Questions and Answers
Adapted from http://groups.yahoo.com/group/parliamentary
Answered by Paul McClintock, PRP
Question 1:
Following the treasurer's report at a regular meeting I have heard the presiding officer state "The report will be filed for audit." On several occasions recently I have heard the statement "The report will be filed." Which is correct, should be used, and why?
Answer:
Parliamentary Law (PL) p. 322 says, “The duty of the auditors is to examine the report of the treasurer, and his books and vouchers, and see that all the money received is properly accounted for.” This is in the context of an annual financial report. Robert’s Rules of Order Newly Revised (RONR) p. 459, l. 33, says “an annual report should always be audited.” These reports should be audited prior to presentation by the treasurer if possible, with the auditors' “Audited and found correct” statement and signatures added to the bottom (p. 461). (“It is preferable for the treasurer to have his report audited before he submits it.” PL p. 323) If the annual report is presented before an audit is done, “The report will be filed for audit” is appropriate. If already audited, the vote is taken on the audit report, and filed as adopted.

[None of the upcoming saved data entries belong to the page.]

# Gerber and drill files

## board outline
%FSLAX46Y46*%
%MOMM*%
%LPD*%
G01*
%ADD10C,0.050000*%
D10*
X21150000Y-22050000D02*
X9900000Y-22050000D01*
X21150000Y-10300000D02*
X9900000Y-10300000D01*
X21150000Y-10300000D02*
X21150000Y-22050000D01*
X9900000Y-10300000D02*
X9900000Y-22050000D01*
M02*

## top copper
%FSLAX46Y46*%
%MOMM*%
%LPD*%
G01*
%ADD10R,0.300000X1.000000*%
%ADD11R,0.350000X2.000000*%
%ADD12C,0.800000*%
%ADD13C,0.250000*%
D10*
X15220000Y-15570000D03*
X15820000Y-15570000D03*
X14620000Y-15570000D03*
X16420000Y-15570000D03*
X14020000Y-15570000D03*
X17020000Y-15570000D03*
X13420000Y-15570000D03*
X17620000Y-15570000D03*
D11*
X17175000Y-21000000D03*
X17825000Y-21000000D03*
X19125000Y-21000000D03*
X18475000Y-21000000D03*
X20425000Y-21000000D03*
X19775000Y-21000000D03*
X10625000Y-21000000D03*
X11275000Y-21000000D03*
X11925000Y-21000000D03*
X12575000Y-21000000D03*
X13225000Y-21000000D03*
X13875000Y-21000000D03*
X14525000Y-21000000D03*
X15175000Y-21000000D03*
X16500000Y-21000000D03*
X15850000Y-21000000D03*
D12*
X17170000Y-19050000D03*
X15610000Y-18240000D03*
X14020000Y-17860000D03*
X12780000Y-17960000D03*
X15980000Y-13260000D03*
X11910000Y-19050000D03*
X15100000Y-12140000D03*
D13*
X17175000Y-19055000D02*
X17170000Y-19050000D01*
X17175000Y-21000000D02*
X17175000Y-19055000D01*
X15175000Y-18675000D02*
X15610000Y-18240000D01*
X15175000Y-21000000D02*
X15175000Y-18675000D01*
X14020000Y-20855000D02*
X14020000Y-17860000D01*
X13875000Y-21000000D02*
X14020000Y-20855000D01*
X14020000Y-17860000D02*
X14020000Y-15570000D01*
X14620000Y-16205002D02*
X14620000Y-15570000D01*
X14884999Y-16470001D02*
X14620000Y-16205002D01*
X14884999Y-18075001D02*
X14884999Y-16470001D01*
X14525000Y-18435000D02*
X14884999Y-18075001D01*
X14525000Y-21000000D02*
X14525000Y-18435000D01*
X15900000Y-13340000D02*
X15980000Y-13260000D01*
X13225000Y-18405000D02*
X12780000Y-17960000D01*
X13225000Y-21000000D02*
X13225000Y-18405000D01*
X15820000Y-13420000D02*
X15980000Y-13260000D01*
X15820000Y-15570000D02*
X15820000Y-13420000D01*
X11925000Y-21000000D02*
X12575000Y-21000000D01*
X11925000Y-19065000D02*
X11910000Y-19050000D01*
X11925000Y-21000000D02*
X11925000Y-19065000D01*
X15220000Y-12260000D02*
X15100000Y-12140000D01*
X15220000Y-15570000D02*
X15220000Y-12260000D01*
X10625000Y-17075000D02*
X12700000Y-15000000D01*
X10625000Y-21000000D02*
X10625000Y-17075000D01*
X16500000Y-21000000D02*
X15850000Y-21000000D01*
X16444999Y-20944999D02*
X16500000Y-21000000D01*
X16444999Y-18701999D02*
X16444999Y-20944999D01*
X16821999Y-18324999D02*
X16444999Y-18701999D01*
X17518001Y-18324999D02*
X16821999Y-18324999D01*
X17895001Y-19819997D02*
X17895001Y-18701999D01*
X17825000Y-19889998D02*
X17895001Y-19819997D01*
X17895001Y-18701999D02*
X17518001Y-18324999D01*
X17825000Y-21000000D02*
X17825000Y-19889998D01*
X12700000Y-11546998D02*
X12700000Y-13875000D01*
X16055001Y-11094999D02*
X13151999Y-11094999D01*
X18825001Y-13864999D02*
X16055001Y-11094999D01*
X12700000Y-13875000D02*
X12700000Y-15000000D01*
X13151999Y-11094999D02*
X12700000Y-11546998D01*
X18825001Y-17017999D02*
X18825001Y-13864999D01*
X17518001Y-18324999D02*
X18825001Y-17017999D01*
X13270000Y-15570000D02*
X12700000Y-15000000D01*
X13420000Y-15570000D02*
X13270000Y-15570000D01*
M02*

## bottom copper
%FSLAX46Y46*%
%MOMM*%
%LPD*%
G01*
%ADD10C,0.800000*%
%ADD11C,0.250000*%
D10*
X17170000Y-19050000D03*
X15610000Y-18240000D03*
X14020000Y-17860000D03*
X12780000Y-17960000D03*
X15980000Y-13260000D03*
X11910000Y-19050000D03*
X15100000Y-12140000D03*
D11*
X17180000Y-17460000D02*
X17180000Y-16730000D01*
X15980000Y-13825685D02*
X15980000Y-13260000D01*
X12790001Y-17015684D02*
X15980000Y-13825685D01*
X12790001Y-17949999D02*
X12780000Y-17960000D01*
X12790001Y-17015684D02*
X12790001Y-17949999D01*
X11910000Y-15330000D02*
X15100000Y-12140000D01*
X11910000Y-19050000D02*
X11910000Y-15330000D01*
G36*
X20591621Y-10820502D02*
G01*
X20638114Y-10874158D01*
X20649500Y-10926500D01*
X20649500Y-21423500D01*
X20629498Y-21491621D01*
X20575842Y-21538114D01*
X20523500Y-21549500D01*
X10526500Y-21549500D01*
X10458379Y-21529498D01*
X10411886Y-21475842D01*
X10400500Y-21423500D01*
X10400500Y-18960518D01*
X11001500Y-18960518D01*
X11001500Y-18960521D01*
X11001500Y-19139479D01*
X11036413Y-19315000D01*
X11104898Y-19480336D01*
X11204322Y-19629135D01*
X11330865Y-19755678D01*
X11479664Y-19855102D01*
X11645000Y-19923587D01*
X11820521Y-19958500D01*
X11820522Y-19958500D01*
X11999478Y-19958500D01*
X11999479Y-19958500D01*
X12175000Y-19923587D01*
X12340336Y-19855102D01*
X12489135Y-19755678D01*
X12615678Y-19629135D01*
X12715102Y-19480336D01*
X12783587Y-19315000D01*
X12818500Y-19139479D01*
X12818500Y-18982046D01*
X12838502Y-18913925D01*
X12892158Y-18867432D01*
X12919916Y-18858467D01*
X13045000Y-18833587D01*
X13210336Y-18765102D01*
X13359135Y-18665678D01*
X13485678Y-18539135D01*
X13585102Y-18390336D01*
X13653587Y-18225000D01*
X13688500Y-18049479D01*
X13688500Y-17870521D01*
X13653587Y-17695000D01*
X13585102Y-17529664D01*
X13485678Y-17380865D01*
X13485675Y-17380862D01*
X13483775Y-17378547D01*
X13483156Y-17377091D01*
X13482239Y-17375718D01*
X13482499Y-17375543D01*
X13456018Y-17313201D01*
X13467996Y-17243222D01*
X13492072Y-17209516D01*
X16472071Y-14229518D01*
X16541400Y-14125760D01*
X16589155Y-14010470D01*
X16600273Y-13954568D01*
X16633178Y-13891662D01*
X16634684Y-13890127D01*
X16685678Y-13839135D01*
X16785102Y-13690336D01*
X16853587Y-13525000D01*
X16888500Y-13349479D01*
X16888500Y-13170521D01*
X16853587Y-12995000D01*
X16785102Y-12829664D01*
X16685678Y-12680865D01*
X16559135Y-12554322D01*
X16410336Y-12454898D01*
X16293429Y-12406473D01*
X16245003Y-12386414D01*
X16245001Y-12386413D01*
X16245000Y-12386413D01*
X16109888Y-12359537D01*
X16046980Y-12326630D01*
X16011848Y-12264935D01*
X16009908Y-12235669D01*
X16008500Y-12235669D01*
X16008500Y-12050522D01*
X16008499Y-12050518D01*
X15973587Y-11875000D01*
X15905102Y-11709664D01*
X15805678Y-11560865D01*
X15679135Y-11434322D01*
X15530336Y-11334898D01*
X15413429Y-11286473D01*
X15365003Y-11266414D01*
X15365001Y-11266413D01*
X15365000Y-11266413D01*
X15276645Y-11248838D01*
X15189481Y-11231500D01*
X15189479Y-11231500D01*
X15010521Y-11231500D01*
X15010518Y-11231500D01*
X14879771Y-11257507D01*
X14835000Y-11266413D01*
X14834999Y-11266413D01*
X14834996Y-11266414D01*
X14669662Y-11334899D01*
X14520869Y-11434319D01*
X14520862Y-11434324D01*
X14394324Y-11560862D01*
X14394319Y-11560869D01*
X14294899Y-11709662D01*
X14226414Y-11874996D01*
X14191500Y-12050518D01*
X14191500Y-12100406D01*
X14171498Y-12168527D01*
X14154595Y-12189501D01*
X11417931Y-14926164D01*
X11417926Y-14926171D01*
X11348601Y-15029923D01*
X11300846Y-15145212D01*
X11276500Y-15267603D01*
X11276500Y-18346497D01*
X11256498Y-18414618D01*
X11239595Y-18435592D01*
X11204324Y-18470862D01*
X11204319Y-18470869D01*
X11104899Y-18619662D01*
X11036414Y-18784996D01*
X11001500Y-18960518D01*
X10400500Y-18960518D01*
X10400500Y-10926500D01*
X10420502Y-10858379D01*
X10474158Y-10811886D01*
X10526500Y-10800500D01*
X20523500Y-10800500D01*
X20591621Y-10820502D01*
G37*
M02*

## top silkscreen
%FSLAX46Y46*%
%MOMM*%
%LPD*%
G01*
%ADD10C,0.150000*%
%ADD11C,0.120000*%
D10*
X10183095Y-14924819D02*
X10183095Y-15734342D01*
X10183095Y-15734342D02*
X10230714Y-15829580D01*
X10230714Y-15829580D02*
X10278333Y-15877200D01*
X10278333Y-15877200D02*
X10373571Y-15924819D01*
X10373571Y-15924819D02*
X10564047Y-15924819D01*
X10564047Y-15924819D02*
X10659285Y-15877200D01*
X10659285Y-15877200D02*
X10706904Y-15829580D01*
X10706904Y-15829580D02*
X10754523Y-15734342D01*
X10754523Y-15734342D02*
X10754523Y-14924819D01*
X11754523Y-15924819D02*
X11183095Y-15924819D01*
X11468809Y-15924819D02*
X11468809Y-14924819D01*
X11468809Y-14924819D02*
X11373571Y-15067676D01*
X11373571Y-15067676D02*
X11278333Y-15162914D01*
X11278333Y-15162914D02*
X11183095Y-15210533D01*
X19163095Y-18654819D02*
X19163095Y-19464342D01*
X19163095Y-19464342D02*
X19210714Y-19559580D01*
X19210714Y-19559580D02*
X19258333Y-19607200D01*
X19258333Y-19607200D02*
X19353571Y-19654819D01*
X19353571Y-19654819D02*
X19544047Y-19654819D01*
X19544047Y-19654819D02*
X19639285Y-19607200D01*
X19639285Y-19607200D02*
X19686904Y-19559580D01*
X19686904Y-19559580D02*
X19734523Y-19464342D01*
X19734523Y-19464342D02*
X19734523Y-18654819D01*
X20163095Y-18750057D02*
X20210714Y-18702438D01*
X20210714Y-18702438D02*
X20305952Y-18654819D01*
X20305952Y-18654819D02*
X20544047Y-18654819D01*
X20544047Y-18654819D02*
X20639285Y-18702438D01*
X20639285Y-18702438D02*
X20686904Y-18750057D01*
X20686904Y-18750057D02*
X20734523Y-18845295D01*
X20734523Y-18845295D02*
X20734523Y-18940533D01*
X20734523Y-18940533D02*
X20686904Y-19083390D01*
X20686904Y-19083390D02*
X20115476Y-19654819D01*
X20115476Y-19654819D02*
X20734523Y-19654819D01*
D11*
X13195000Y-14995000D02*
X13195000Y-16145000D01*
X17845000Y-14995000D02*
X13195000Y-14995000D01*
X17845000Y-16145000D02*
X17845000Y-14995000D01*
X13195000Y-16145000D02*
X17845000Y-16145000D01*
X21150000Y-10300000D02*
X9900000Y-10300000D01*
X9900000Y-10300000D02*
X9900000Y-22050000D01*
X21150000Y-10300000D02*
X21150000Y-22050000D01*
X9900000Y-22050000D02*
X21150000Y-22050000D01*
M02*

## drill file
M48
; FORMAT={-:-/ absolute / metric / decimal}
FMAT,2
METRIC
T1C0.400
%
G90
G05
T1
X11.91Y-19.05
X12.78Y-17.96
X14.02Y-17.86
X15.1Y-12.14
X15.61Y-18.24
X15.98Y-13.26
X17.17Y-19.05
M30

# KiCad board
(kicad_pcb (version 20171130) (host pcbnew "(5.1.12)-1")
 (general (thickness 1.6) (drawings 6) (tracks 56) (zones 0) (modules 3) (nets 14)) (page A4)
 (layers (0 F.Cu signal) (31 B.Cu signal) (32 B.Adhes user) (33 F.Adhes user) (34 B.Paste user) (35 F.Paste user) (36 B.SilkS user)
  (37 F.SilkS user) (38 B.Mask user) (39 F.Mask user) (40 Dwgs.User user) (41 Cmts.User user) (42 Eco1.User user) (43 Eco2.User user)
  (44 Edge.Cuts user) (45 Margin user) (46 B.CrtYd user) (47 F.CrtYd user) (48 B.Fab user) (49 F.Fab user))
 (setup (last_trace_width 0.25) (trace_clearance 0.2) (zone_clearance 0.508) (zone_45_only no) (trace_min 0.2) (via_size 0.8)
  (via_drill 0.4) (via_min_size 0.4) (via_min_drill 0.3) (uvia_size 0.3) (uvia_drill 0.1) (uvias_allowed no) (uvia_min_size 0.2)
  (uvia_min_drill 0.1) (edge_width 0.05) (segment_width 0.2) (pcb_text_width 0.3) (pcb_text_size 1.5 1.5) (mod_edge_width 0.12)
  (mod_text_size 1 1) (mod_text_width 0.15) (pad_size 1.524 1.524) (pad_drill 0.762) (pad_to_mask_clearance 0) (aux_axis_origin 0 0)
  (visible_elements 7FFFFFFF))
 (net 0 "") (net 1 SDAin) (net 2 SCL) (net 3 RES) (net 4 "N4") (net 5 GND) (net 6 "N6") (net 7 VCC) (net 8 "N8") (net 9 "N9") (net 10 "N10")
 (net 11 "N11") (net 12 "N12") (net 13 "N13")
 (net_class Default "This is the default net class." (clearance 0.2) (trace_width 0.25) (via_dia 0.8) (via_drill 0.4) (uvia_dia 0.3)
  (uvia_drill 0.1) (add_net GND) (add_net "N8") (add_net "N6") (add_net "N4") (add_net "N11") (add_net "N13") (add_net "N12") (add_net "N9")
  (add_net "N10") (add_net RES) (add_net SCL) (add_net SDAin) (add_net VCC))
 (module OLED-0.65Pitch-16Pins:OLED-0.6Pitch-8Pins (layer F.Cu) (at 15.52 15.57 180)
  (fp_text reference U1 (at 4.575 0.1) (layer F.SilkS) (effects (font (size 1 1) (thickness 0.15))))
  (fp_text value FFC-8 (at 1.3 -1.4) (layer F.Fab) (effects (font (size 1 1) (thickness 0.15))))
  (fp_line (start 2.325 0.575) (end 2.325 -0.575) (layer F.SilkS) (width 0.12))
  (fp_line (start -2.325 0.575) (end 2.325 0.575) (layer F.SilkS) (width 0.12))
  (fp_line (start -2.325 -0.575) (end -2.325 0.575) (layer F.SilkS) (width 0.12))
  (fp_line (start 2.325 -0.575) (end -2.325 -0.575) (layer F.SilkS) (width 0.12))
  (pad 5 smd rect (at 0.3 0 180) (size 0.3 1) (layers F.Cu F.Paste F.Mask) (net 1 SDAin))
  (pad 4 smd rect (at -0.3 0 180) (size 0.3 1) (layers F.Cu F.Paste F.Mask) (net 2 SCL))
  (pad 6 smd rect (at 0.9 0 180) (size 0.3 1) (layers F.Cu F.Paste F.Mask) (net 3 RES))
  (pad 3 smd rect (at -0.9 0 180) (size 0.3 1) (layers F.Cu F.Paste F.Mask) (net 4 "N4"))
  (pad 7 smd rect (at 1.5 0 180) (size 0.3 1) (layers F.Cu F.Paste F.Mask) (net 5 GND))
  (pad 2 smd rect (at -1.5 0 180) (size 0.3 1) (layers F.Cu F.Paste F.Mask) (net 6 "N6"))
  (pad 8 smd rect (at 2.1 0 180) (size 0.3 1) (layers F.Cu F.Paste F.Mask) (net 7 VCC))
  (pad 1 smd rect (at -2.1 0 180) (size 0.3 1) (layers F.Cu F.Paste F.Mask) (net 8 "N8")))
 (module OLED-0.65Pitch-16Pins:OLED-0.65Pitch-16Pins (layer F.Cu) (at 15.525 21 180)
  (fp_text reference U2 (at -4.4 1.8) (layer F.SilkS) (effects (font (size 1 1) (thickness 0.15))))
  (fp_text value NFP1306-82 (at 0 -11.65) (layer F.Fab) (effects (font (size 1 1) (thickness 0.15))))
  (fp_line (start -5.625 10.7) (end 5.625 10.7) (layer F.SilkS) (width 0.12))
  (fp_line (start 5.625 10.7) (end 5.625 -1.05) (layer F.SilkS) (width 0.12))
  (fp_line (start -5.625 10.7) (end -5.625 -1.05) (layer F.SilkS) (width 0.12))
  (fp_line (start 5.625 -1.05) (end -5.625 -1.05) (layer F.SilkS) (width 0.12))
  (pad 6 smd rect (at -1.65 0 180) (size 0.35 2) (layers F.Cu F.Paste F.Mask) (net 5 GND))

Treasurer reports at regular meetings more frequently than annual need not be written, nor filed. RONR suggests a “verbal” report/statement (p. 459, l. 28), and it need contain no more than the cash balance on hand, or that balance less outstanding obligations.

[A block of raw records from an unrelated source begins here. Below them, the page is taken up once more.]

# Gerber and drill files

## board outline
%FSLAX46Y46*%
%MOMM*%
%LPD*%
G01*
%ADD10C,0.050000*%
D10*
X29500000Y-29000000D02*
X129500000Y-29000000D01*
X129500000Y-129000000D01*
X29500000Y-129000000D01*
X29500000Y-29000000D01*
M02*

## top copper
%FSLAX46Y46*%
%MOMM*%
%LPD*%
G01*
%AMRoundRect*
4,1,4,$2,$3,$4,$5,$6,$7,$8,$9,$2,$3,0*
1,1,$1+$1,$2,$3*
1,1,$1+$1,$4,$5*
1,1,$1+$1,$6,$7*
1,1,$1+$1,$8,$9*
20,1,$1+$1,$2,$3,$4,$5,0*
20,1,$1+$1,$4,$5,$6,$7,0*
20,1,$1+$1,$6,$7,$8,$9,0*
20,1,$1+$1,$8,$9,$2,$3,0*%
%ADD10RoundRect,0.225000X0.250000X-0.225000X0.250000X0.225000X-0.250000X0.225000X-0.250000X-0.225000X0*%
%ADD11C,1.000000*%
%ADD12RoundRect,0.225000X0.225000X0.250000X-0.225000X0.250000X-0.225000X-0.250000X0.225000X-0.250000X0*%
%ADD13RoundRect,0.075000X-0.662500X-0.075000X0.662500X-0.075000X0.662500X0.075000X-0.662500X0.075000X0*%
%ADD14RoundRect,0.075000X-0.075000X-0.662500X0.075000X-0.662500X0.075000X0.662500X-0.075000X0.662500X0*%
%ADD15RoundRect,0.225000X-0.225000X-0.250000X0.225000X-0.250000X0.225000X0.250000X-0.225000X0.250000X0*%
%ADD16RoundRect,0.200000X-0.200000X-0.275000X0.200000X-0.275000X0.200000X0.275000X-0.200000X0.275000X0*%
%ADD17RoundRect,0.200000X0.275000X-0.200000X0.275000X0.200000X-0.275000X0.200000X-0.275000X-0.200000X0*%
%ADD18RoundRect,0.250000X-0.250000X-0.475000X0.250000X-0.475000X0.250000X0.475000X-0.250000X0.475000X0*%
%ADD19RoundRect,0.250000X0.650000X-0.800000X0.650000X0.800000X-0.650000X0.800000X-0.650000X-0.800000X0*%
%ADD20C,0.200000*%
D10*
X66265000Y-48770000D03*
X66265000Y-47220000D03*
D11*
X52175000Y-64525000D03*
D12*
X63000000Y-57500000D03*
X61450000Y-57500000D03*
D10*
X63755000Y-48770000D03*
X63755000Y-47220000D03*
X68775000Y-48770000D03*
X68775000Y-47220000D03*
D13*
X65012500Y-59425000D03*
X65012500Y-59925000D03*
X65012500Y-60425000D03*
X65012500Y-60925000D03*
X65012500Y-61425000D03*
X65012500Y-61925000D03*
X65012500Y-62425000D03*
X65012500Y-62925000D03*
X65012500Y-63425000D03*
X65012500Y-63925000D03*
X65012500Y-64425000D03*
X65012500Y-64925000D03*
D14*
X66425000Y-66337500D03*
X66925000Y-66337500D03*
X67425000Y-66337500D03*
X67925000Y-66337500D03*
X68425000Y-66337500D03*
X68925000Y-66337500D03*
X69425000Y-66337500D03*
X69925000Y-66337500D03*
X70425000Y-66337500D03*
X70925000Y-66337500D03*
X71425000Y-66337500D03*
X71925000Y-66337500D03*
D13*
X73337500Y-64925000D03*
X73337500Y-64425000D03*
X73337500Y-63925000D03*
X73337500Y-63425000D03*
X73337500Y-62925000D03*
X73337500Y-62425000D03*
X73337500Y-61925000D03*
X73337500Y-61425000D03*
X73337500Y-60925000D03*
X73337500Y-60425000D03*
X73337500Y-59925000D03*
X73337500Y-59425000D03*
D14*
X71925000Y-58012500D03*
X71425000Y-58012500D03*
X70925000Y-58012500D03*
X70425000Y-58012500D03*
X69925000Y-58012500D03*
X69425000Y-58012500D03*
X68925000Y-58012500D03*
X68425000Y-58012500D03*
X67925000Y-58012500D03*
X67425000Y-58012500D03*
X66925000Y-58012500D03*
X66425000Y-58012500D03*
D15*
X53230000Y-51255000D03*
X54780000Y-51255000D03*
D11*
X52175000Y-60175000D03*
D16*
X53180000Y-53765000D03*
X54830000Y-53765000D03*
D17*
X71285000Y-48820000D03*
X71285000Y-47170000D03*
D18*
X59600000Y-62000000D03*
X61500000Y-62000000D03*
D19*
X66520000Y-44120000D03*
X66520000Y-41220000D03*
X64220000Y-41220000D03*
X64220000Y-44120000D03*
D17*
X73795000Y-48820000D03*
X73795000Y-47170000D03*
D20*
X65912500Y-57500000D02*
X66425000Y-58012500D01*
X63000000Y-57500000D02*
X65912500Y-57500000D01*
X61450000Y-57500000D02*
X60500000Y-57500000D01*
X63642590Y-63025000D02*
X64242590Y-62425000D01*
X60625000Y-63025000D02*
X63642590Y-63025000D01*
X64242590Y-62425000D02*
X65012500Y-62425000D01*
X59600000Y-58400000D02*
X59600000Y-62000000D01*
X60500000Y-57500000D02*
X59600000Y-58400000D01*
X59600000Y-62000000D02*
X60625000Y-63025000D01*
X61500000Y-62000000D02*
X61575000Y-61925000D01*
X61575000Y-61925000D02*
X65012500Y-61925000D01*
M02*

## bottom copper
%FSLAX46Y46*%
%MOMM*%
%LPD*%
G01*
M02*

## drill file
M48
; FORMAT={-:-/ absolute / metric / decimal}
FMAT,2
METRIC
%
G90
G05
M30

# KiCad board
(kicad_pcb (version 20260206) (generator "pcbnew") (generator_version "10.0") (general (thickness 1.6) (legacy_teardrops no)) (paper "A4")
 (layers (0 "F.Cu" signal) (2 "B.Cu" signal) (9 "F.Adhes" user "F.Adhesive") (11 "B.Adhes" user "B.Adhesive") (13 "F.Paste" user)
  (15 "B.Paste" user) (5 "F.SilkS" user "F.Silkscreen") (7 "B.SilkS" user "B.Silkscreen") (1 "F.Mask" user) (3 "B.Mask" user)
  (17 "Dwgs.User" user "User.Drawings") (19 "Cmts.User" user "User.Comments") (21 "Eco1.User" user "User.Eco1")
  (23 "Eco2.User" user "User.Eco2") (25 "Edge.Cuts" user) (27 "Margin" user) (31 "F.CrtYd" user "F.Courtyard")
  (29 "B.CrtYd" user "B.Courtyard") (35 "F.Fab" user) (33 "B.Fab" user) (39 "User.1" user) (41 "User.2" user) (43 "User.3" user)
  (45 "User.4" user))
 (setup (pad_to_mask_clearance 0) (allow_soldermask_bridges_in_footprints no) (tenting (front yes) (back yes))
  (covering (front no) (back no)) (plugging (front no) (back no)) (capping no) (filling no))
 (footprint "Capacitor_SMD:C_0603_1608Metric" (layer "F.Cu") (at 66.265 47.995 90)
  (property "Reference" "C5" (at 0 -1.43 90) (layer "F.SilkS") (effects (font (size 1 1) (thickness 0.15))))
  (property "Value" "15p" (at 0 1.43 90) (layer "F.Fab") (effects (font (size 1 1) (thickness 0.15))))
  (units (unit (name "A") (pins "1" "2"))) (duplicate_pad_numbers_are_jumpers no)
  (pad "1" smd roundrect (at -0.775 0 90) (size 0.9 0.95) (layers "F.Cu" "F.Mask" "F.Paste") (roundrect_rratio 0.25) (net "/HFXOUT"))
  (pad "2" smd roundrect (at 0.775 0 90) (size 0.9 0.95) (layers "F.Cu" "F.Mask" "F.Paste") (roundrect_rratio 0.25) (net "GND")))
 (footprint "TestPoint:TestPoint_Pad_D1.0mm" (layer "F.Cu") (at 52.175 64.525)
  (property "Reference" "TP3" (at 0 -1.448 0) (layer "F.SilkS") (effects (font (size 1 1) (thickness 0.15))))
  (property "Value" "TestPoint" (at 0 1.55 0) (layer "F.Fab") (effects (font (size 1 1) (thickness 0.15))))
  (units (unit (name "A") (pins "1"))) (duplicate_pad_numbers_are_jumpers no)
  (pad "1" smd circle (at 0 0) (size 1 1) (layers "F.Cu" "F.Mask") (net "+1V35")))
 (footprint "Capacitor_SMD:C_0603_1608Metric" (layer "F.Cu") (at 62.225 57.5 180)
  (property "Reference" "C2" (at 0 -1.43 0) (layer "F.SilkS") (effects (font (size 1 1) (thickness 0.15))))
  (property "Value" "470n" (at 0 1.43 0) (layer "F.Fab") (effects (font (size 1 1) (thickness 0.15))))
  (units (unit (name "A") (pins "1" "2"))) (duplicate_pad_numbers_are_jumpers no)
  (pad "1" smd roundrect (at -0.775 0 180) (size 0.9 0.95) (layers "F.Cu" "F.Mask" "F.Paste") (roundrect_rratio 0.25) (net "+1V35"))
  (pad "2" smd roundrect (at 0.775 0 180) (size 0.9 0.95) (layers "F.Cu" "F.Mask" "F.Paste") (roundrect_rratio 0.25) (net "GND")))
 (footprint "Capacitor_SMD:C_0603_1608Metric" (layer "F.Cu") (at 63.755 47.995 90)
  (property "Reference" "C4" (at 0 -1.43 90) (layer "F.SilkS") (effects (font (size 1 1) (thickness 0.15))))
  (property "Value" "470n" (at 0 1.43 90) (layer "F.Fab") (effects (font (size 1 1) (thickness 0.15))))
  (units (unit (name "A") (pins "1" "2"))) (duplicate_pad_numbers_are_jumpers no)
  (pad "1" smd roundrect (at -0.775 0 90) (size 0.9 0.95) (layers "F.Cu" "F.Mask" "F.Paste") (roundrect_rratio 0.25) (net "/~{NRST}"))
  (pad "2" smd roundrect (at 0.775 0 90) (size 0.9 0.95) (layers "F.Cu" "F.Mask" "F.Paste") (roundrect_rratio 0.25) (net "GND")))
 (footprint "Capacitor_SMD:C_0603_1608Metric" (layer "F.Cu") (at 68.775 47.995 90)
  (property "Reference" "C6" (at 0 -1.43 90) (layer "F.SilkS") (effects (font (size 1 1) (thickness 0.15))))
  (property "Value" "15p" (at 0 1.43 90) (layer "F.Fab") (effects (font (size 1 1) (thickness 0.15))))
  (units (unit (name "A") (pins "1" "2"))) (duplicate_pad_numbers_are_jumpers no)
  (pad "1" smd roundrect (at -0.775 0 90) (size 0.9 0.95) (layers "F.Cu" "F.Mask" "F.Paste") (roundrect_rratio 0.25) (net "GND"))
  (pad "2" smd roundrect (at 0.775 0 90) (size 0.9 0.95) (layers "F.Cu" "F.Mask" "F.Paste") (roundrect_rratio 0.25) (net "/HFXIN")))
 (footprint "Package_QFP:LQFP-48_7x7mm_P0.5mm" (layer "F.Cu") (at 69.175 62.175)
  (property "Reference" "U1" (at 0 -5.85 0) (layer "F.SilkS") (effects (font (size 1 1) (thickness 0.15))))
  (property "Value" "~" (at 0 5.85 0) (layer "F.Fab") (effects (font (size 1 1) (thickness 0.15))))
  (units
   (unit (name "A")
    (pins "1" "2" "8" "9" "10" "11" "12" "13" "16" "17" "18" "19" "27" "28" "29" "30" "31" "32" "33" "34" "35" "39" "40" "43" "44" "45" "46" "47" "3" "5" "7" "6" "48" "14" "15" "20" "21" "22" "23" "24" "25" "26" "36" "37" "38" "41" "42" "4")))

My NAP units typically have written monthly reports showing period starting balance, total receipts, total disbursements, ending balance, and the reports are checked by the auditors along with the checkbook and vouchers. But this is beyond what RONR recommends.
Interestingly, PL (p. 321) adds two additional items to the suggested report: total outstanding receivables (assets, amounts due the society), and total outstanding obligations (liabilities, amounts due by the society). And PL suggests that for each of the Receipts, Disbursements, Assets, Liabilities categories, that subtotals by class (e.g., dues, sales, fines) be reported, but not the itemized details.
Thus, “will be filed for audit” is in accord with PL for the annual report if not yet audited, and “will be filed” if already audited, and no mention of filing if for a monthly report which need not be audited.
__________
Question 2:
I understand the principle of “one person, one vote” as well as some of the ways that exceptions are created. But where is this rule explicitly stated in RONR?
Answer:
“A deliberative assembly - the kind of gathering to which parliamentary law is generally understood to apply - has the following distinguishing characteristics: ... In any decision made, the opinion of each member present has equal weight as expressed by vote - through which the voting member joins in assuming direct personal responsibility for the decision, should his or her vote be on the prevailing side.” -- RONR pp. 1-2.
Note also that RONR p. 393 says: “The chair cannot vote twice, once as a member, then again in his capacity as presiding officer.”
If Ms. X is an elected member of the finance committee and is later elected to fill a vacancy for treasurer, who is an ex officio member of the finance committee, X is now a member of the committee by virtue of a two different reasons, but is nevertheless just one member, and has just one vote.
If a state board is composed of the president of each unit and the chairmen of all standing committees, and Mr. Z is both a unit president and state standing committee chairman, Mr. Z is none-the-less only one member of the state board, and has only one vote.
RONR in essence has a one-member-one-vote rule rather than a one-person-one-vote rule, and some argue that if membership can be corporations as represented by designees, then a single person designated as the representative of two different corporate members may in fact be properly considered to be two different members and have two votes. Corporations are legally persons. I'm not 100% convinced of this line of reasoning, and know of no PA or court case addressing it, but it is somewhat reasonable.
Bylaws or higher level rules can of course supersede the PA (RONR) as they generally do in ownership organizations. If a member owns 100 shares of stocks, he gets 100 votes at the shareholders meeting. If proxies are permitted, a member holding 9 proxies gets 10 votes. A person owing 2 condos in the condo complex gets 2 votes at the membership meetings. And in some condo owner associations, each condo gets a fractional vote in proportion to the number of square feet of the property owned in comparison to the total for the complex. One state organization had rules that delegations to the state convention could vote their "full strength"; if a delegation could have up to 10 delegates but only had 2 attend, the 2 got to cast 10 votes.
In all cases where weighted votes (whether multiple or fractional) are allowed by documents of authority, it can greatly complicate the proceedings for any vote that is not unanimous. Even one person holding enough proxies can be a majority. Special rules will likely be needed for ordering a counted vote. And time should be budgeted for such.